Success! The app chunk’s hash changed and the vendor asset hash did not change. Also, our manifest asset changed, as you would expect. Since create-react-app uses html-webpack-plugin, the manifest automatically gets injected into our html. We now have long term caching working!

Inlining manifest.js

The manifest.js file is very small once minified and compressed, but it is still an additional network request the browser has to make. We can optimize further by inlining this small file in a script tag in our html. We can use inline-manifest-webpack-plugin to accomplish the inlining.

Add the plugin to our webpack config:

var InlineManifestWebpackPlugin = require('inline-manifest-webpack-plugin');
...
new InlineManifestWebpackPlugin({ name: 'webpackManifest' })

We’ll also need to rename create-react-app’s index.html template to index.ejs and add the following line to it:

<%= htmlWebpackPlugin.files.webpackManifest %>

Deterministic Builds

It would seem we’re in good shape for long term caching in production now. But there’s still one more problem. Webpack, by default, assigns modules integer ids, based on order. So when modules are changed, all ids could change, invalidating the cache. Luckily, there is a way to prevent ids from changing. We can configure webpack to choose ids in a deterministic way by using NamedModulesPlugin.

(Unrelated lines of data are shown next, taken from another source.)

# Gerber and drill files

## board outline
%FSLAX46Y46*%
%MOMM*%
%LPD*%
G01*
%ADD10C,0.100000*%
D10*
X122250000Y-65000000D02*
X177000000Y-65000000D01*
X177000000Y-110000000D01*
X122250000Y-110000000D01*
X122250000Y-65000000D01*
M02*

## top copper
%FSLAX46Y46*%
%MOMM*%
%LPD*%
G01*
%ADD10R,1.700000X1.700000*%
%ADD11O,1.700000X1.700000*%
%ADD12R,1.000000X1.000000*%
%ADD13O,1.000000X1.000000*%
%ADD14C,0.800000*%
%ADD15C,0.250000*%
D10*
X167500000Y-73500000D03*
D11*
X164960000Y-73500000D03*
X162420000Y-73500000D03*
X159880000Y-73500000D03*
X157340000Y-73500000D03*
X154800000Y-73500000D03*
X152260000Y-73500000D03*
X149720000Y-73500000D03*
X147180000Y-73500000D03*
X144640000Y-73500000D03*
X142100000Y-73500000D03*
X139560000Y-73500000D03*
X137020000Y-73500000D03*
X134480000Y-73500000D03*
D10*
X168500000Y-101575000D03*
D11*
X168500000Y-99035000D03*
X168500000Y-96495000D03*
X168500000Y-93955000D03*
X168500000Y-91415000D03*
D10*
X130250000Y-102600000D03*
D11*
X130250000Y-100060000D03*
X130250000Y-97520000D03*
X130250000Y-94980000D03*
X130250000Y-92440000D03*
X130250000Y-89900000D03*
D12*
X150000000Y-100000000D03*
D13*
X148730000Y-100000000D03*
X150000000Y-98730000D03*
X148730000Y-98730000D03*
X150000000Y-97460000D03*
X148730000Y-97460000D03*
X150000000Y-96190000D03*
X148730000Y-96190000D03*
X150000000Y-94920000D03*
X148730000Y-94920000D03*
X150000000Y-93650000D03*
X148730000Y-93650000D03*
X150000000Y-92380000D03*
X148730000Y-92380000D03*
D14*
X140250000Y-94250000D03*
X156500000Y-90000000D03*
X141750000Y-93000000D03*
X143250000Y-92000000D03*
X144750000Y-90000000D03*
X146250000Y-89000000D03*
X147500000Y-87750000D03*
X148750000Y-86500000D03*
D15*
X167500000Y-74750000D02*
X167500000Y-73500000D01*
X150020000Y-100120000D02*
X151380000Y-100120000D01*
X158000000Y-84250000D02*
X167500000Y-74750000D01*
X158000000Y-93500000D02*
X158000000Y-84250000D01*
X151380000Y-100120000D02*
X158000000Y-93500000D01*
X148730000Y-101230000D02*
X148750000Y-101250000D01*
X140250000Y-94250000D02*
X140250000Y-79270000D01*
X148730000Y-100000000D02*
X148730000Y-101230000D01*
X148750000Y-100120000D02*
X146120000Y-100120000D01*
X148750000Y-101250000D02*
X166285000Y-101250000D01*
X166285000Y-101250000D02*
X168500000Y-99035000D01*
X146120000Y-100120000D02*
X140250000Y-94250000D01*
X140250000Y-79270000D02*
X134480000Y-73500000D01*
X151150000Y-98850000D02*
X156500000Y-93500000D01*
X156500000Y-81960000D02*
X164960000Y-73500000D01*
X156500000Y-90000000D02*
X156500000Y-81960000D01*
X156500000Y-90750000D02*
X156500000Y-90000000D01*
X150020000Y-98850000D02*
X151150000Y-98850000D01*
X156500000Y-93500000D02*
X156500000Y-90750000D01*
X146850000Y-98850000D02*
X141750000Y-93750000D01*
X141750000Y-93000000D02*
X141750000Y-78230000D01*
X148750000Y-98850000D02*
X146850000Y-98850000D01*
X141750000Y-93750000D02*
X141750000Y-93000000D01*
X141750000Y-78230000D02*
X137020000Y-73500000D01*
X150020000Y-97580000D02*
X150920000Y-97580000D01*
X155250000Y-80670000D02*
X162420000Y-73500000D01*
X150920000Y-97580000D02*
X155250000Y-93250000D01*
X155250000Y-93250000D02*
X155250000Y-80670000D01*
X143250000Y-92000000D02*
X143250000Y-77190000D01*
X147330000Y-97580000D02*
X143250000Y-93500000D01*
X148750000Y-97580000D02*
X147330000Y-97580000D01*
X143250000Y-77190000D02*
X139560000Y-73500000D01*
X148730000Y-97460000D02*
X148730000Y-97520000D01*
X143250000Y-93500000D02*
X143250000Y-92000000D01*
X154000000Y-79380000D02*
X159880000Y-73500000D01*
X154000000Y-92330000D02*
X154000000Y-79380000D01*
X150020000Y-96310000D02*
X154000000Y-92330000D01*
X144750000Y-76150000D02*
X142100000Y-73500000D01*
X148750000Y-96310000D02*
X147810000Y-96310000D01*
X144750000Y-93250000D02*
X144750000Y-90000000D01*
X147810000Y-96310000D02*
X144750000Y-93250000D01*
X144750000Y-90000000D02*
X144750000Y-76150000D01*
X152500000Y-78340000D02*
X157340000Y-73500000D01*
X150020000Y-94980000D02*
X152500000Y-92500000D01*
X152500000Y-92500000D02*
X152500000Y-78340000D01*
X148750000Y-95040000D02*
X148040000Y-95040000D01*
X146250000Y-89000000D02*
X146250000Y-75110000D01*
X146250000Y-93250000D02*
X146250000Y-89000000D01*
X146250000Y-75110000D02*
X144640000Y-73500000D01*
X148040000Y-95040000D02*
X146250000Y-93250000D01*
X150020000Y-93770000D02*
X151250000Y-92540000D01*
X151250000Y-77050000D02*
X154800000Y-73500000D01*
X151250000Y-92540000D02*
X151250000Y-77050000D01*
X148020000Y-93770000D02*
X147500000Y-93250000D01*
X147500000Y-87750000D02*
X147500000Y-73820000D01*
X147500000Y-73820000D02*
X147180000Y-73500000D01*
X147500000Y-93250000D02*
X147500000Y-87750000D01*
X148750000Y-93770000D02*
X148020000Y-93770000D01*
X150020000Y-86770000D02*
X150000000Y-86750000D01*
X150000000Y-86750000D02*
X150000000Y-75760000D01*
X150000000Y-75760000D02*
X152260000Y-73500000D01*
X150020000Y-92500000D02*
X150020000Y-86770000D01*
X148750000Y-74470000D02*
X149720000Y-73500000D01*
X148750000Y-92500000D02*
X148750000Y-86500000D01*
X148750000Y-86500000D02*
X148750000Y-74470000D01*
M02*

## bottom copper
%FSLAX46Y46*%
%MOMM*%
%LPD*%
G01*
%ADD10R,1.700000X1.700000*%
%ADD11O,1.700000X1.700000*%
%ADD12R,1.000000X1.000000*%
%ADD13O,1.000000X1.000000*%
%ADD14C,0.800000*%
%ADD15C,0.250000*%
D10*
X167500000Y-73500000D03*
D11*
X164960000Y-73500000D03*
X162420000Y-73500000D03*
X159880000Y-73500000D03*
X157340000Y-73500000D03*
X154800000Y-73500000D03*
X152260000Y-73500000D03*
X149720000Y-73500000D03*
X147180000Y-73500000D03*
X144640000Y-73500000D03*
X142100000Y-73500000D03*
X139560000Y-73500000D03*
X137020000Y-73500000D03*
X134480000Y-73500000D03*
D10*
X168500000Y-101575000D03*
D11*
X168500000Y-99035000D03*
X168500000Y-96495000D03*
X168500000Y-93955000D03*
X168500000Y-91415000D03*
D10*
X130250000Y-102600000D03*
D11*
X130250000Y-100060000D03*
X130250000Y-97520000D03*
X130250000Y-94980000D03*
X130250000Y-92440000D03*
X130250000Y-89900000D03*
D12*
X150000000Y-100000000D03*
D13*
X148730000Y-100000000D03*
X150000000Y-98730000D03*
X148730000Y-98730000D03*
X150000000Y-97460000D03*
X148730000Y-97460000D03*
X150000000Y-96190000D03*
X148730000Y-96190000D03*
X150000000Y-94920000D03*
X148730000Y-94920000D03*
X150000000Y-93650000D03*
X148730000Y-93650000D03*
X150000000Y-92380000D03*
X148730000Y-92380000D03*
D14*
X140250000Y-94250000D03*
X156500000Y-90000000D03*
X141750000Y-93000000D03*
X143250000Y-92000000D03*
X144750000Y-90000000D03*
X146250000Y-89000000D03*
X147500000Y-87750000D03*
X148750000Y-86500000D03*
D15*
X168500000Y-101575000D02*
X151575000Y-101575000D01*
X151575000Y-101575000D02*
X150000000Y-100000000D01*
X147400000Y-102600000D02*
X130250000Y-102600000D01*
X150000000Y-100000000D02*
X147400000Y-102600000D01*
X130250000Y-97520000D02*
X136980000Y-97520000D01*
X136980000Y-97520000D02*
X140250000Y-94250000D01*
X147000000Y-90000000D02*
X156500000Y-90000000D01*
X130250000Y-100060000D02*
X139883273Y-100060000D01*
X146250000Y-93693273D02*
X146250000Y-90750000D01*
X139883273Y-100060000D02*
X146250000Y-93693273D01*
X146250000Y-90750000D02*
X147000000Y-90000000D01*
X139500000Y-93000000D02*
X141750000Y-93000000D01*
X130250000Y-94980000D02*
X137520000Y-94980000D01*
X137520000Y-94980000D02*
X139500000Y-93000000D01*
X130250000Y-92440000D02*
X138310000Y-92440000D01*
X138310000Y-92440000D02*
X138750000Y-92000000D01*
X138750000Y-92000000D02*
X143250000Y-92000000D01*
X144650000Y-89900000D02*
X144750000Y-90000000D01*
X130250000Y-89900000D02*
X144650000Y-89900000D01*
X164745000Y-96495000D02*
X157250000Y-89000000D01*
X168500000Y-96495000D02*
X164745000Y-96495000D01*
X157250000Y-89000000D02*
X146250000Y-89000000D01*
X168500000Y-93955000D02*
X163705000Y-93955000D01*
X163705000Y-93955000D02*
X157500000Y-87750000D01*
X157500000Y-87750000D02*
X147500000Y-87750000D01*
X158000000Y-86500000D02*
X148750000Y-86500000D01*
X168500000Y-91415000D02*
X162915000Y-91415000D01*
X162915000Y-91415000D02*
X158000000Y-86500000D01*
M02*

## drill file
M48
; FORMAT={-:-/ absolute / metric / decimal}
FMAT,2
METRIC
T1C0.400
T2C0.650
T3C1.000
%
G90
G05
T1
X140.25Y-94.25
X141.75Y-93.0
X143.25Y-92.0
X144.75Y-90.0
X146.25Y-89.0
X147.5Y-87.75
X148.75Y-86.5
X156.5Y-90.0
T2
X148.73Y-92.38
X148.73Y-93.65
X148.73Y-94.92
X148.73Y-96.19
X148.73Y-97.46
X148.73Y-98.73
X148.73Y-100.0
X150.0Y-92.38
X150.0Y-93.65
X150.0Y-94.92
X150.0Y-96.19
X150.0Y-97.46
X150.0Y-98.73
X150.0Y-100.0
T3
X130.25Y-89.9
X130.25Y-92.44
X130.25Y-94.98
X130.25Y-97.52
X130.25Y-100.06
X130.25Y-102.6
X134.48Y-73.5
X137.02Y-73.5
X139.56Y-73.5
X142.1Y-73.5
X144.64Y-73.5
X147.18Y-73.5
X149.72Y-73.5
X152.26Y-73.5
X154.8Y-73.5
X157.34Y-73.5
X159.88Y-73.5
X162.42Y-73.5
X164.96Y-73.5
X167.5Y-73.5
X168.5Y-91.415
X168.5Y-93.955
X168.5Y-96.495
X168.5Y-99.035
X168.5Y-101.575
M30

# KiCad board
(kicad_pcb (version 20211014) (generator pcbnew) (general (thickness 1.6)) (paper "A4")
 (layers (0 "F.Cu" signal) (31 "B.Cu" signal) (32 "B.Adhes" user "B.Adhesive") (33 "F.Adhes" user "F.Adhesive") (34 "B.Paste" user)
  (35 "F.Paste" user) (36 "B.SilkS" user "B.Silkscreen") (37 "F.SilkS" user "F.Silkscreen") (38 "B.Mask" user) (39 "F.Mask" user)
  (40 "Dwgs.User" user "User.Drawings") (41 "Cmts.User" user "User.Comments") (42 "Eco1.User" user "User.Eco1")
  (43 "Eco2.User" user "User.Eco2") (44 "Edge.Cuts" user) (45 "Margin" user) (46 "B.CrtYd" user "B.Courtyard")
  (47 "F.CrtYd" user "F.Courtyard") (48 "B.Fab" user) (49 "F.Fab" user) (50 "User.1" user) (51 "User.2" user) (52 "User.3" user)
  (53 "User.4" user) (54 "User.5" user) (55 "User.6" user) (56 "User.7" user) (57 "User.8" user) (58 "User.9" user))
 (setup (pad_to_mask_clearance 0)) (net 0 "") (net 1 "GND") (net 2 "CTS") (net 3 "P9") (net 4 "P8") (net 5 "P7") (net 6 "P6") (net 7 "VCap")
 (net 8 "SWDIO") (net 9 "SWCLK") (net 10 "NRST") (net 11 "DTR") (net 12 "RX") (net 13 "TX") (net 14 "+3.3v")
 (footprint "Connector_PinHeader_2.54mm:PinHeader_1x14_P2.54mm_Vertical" (layer "F.Cu") (at 167.5 73.5 -90)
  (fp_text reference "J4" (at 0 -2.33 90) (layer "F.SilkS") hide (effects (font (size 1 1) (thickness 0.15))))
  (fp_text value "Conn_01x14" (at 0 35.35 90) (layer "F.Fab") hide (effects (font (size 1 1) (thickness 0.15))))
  (pad "1" thru_hole rect (at 0 0 270) (size 1.7 1.7) (drill 1) (layers *.Cu *.Mask) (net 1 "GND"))
  (pad "2" thru_hole oval (at 0 2.54 270) (size 1.7 1.7) (drill 1) (layers *.Cu *.Mask) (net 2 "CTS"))
  (pad "3" thru_hole oval (at 0 5.08 270) (size 1.7 1.7) (drill 1) (layers *.Cu *.Mask) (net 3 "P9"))
  (pad "4" thru_hole oval (at 0 7.62 270) (size 1.7 1.7) (drill 1) (layers *.Cu *.Mask) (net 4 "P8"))
  (pad "5" thru_hole oval (at 0 10.16 270) (size 1.7 1.7) (drill 1) (layers *.Cu *.Mask) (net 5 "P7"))
  (pad "6" thru_hole oval (at 0 12.7 270) (size 1.7 1.7) (drill 1) (layers *.Cu *.Mask) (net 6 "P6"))
  (pad "7" thru_hole oval (at 0 15.24 270) (size 1.7 1.7) (drill 1) (layers *.Cu *.Mask) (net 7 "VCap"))
  (pad "8" thru_hole oval (at 0 17.78 270) (size 1.7 1.7) (drill 1) (layers *.Cu *.Mask) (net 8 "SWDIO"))
  (pad "9" thru_hole oval (at 0 20.32 270) (size 1.7 1.7) (drill 1) (layers *.Cu *.Mask) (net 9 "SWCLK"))
  (pad "10" thru_hole oval (at 0 22.86 270) (size 1.7 1.7) (drill 1) (layers *.Cu *.Mask) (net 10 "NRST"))
  (pad "11" thru_hole oval (at 0 25.4 270) (size 1.7 1.7) (drill 1) (layers *.Cu *.Mask) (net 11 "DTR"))
  (pad "12" thru_hole oval (at 0 27.94 270) (size 1.7 1.7) (drill 1) (layers *.Cu *.Mask) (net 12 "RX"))
  (pad "13" thru_hole oval (at 0 30.48 270) (size 1.7 1.7) (drill 1) (layers *.Cu *.Mask) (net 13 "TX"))
  (pad "14" thru_hole oval (at 0 33.02 270) (size 1.7 1.7) (drill 1) (layers *.Cu *.Mask) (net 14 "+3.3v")))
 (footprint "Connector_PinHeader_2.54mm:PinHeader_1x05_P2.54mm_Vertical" (layer "F.Cu") (at 168.5 101.575 180)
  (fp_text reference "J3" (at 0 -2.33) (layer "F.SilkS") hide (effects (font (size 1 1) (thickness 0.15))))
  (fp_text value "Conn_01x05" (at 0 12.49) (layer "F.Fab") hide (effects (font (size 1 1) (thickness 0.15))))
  (pad "1" thru_hole rect (at 0 0 180) (size 1.7 1.7) (drill 1) (layers *.Cu *.Mask) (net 1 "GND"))
  (pad "2" thru_hole oval (at 0 2.54 180) (size 1.7 1.7) (drill 1) (layers *.Cu *.Mask) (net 14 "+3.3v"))
  (pad "3" thru_hole oval (at 0 5.08 180) (size 1.7 1.7) (drill 1) (layers *.Cu *.Mask) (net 10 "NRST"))
  (pad "4" thru_hole oval (at 0 7.62 180) (size 1.7 1.7) (drill 1) (layers *.Cu *.Mask) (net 9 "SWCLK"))
  (pad "5" thru_hole oval (at 0 10.16 180) (size 1.7 1.7) (drill 1) (layers *.Cu *.Mask) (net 8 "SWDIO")))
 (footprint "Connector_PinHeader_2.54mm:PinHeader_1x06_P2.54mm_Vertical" (layer "F.Cu") (at 130.25 102.6 180)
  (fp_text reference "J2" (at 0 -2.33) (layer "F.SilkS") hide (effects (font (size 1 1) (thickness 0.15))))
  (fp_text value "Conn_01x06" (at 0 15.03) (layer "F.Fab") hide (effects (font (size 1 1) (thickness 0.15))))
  (pad "1" thru_hole rect (at 0 0 180) (size 1.7 1.7) (drill 1) (layers *.Cu *.Mask) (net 1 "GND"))
  (pad "2" thru_hole oval (at 0 2.54 180) (size 1.7 1.7) (drill 1) (layers *.Cu *.Mask) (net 2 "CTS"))
  (pad "3" thru_hole oval (at 0 5.08 180) (size 1.7 1.7) (drill 1) (layers *.Cu *.Mask) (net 14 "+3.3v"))
  (pad "4" thru_hole oval (at 0 7.62 180) (size 1.7 1.7) (drill 1) (layers *.Cu *.Mask) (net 13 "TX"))
  (pad "5" thru_hole oval (at 0 10.16 180) (size 1.7 1.7) (drill 1) (layers *.Cu *.Mask) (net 12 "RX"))
  (pad "6" thru_hole oval (at 0 12.7 180) (size 1.7 1.7) (drill 1) (layers *.Cu *.Mask) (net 11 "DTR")))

This just takes one addition to the plugins array in webpack config:

new webpack.NamedModulesPlugin()

A couple of points to keep in mind with this plugin:

  • Because filenames are longer than ids, file sizes will be larger, although it’s very minimal after gzip.
  • File paths of modules are leaked, which could be a security issue.

HTTP Cache Headers

All the work configuring webpack for long term caching is useless without setting the proper HTTP Cache-Control header for our assets on the server side. Here is some more reading on HTTP caching patterns. Because we are using filenames that include a hash that changes whenever the file contents change, we can consider the assets to be immutable content. Therefore we can use a long max-age for Cache-Control. Here is an example where max-age of is set for 1 year:

Cache-Control: public,max-age=31536000

Final Thoughts

Webpack is an amazing and powerful tool! The concepts and configuration can seem complex at first. But learning the tool is well worth the time. Webpack has an awesome core team and docs are continuing to improve. Since introducing webpack at thredUP.com, we’ve been able to optimize our Javascript assets, not mention improving our build leading to a better developer experience. I’m looking forward to sharing some more tips we’ve learning along the way.